Te encontraré en esta vida o en la otra

Epilogo: El dije

La luz dorada se había desvanecido hacía horas, pero el eco de lo ocurrido seguía vibrando en algún rincón del universo. El dije ya no existía; convertido en polvo, se había fundido con el viento como si nunca hubiera estado allí. Sin embargo, su historia no terminó con Azucena y Griselda. Porque el tiempo, como el amor, guarda secretos que solo revela a quienes se atreven a desafiarlo.

En una habitación oscura, iluminada apenas por la llama temblorosa de una vela, la anciana que les entregó el pergamino cerró un libro antiguo con manos arrugadas. Sus ojos, brillantes como espejos del pasado, se alzaron hacia el techo, donde colgaban decenas de dijes idénticos al que había desaparecido.

—Dos almas más han cumplido su destino —murmuró, con voz quebrada por los años—. El equilibrio se mantiene.

Sobre la mesa, el pergamino que Azucena había leído estaba abierto, junto a otro que Griselda nunca llegó a ver. Ambos decían lo mismo: “Cada elección tiene un precio. El tiempo cobra intereses. Y el destino siempre exige balance.”

La anciana —cuyo nombre nadie recordaba, porque había vivido más vidas de las que podía contar— era la última guardiana de la Orden del Tiempo, una hermandad secreta fundada siglos atrás por mujeres que habían viajado y amado en épocas equivocadas. Cada dije era una llave, pero también una prueba: no se activaba con desesperación, sino con certeza absoluta. Con la disposición de renunciar a todo por amor verdadero.

Por eso el dije había respondido.
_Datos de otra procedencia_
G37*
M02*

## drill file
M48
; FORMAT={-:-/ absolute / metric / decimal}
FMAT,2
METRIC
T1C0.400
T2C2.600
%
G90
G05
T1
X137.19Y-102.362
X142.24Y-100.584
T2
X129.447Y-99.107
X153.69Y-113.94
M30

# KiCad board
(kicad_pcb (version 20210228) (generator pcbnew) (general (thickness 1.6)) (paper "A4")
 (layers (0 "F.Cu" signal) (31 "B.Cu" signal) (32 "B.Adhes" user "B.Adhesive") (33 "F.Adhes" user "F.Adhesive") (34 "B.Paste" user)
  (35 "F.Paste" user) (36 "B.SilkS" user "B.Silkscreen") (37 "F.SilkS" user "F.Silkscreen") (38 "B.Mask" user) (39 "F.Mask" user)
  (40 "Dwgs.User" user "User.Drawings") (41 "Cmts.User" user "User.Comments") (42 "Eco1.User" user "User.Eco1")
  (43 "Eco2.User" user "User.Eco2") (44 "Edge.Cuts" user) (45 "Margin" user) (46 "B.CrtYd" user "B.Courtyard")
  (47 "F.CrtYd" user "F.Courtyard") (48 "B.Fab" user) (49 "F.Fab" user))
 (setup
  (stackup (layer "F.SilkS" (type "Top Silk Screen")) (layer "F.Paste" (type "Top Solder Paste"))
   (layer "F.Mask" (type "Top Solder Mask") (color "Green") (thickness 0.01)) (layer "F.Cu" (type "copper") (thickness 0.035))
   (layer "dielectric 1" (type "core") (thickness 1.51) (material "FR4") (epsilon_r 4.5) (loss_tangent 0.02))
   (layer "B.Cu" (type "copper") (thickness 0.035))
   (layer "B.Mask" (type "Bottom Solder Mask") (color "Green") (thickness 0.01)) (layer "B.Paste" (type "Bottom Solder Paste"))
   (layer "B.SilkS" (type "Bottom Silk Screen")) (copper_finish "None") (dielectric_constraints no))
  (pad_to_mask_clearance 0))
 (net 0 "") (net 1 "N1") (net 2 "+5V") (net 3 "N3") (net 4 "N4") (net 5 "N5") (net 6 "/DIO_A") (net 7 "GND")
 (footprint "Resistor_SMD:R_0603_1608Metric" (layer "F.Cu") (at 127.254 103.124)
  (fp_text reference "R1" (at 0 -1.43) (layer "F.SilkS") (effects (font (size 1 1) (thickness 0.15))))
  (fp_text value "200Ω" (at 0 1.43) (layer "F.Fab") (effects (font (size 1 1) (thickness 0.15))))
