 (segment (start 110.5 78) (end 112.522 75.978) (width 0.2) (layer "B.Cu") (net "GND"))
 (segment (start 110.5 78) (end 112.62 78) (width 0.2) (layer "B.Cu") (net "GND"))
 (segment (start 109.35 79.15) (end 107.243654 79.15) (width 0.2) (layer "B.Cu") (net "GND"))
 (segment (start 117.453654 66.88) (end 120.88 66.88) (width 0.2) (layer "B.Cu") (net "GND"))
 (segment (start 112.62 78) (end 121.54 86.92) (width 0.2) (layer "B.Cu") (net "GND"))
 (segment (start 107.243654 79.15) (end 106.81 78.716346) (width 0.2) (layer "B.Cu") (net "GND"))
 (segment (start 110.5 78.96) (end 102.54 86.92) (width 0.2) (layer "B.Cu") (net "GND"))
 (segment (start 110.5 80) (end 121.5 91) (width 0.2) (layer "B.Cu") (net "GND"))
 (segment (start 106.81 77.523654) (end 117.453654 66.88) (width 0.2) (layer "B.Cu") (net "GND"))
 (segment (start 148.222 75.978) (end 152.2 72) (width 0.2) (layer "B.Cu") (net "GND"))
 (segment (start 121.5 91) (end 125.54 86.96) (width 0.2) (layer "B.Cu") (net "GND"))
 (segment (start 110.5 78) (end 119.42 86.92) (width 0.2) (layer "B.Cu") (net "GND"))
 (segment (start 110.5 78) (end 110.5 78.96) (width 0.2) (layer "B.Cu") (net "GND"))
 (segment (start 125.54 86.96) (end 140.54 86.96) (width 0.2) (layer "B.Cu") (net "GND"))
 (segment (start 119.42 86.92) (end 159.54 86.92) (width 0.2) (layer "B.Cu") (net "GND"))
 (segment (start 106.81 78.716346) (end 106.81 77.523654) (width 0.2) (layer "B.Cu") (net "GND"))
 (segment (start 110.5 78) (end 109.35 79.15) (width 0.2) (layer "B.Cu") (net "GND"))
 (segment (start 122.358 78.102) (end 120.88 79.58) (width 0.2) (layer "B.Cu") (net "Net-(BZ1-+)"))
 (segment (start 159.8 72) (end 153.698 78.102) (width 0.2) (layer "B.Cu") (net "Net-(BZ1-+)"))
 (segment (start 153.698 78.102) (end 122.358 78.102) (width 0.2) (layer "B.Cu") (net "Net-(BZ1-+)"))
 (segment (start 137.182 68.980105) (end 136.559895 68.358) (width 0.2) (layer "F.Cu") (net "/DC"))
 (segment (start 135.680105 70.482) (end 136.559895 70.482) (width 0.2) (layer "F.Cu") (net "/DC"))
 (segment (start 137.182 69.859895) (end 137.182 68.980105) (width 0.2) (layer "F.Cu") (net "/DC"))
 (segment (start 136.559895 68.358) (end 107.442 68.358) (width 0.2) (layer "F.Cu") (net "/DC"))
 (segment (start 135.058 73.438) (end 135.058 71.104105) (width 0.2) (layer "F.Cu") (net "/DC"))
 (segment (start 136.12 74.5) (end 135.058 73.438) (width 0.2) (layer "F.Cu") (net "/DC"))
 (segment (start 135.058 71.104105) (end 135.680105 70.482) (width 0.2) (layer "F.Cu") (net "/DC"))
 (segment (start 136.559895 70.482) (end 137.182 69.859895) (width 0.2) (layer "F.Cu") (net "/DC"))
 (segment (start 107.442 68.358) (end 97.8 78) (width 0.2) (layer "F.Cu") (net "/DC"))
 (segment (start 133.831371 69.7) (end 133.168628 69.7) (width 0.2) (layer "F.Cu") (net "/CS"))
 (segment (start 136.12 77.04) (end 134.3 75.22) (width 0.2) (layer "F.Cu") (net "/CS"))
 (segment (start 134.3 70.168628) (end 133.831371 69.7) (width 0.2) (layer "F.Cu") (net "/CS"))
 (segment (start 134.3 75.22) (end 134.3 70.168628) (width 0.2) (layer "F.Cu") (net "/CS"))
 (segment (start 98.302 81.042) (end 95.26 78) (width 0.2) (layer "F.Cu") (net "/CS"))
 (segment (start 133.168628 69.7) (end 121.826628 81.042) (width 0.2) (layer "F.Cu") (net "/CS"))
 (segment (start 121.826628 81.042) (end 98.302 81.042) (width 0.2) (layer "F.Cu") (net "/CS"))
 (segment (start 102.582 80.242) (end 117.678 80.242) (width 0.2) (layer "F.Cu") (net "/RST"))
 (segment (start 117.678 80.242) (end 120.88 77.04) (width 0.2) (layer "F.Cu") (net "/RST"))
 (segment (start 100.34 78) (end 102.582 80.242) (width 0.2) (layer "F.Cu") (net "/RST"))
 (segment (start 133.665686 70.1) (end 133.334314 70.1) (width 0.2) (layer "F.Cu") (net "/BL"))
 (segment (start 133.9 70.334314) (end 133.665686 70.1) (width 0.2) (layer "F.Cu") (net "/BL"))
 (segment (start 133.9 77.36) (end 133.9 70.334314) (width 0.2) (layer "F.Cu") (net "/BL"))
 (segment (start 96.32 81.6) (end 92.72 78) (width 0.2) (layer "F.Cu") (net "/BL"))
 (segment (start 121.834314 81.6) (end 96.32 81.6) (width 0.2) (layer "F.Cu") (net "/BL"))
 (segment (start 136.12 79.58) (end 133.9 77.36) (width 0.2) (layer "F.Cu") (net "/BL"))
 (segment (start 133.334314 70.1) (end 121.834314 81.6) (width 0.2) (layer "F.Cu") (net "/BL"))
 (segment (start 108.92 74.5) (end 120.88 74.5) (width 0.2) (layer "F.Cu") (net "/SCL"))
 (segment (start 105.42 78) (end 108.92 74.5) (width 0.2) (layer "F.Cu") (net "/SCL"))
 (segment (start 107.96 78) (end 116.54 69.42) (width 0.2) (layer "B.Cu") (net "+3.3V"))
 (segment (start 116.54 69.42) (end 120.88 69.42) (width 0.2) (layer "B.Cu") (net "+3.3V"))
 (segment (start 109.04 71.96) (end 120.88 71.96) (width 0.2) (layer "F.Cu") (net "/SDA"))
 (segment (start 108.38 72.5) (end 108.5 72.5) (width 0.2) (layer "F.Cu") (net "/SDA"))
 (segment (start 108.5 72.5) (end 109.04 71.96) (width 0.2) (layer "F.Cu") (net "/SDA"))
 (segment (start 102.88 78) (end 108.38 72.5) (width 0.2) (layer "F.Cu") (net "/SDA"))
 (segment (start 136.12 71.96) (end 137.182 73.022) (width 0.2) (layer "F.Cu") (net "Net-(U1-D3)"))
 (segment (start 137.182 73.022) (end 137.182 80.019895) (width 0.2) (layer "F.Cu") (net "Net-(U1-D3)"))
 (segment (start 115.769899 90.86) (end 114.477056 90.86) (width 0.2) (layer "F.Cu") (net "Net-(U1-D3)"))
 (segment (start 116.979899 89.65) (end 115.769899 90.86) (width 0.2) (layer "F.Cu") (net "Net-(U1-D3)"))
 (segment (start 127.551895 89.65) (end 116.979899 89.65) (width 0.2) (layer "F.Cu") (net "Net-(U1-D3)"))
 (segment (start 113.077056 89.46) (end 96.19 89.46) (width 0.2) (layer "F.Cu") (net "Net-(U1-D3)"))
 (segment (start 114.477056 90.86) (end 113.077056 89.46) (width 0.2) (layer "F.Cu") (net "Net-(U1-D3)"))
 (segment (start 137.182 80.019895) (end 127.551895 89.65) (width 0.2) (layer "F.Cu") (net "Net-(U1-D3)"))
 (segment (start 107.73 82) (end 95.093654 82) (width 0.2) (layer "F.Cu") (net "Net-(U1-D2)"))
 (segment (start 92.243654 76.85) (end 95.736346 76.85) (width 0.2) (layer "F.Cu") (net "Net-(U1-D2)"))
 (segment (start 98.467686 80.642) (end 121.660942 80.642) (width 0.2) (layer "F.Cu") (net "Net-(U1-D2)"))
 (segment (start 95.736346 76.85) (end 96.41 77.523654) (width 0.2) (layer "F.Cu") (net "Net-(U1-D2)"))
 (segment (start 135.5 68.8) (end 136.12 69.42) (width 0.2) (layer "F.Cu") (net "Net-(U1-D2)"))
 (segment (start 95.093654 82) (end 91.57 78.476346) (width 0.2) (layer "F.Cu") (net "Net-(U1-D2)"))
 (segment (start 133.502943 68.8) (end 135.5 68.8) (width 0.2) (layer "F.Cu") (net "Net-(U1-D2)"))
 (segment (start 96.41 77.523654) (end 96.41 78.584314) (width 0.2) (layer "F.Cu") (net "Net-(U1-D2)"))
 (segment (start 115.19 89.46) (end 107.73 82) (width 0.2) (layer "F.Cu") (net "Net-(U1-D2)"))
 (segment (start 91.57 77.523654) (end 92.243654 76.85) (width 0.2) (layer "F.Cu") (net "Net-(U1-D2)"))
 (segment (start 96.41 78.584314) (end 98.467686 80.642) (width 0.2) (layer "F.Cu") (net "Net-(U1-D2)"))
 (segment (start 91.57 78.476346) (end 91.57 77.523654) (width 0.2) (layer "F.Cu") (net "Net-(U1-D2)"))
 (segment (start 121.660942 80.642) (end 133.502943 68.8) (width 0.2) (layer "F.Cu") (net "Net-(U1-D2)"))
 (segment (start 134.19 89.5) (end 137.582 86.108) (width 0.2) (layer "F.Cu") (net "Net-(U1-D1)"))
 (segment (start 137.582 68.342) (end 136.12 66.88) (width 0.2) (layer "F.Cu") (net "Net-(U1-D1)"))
Porque Azucena y Griselda no solo lo deseaban: estaban dispuestas a perderlo todo. Familia, comodidades, futuro. El sacrificio fue la chispa que encendió la magia.

La anciana enrolló el pergamino y lo guardó en un cofre de madera, junto a otros que narraban historias similares: mujeres que cruzaron siglos por un beso, hombres que desafiaron la lógica por un abrazo. Historias que nadie conocería, salvo quienes se atrevieran a abrir el dije.

Antes de apagar la vela, la anciana sonrió con melancolía.

—El amor verdadero no conoce de épocas —susurró—. Pero siempre exige un precio.

Y con ese pensamiento, la oscuridad se tragó la habitación, dejando solo el leve aroma a pergamino y a tiempo.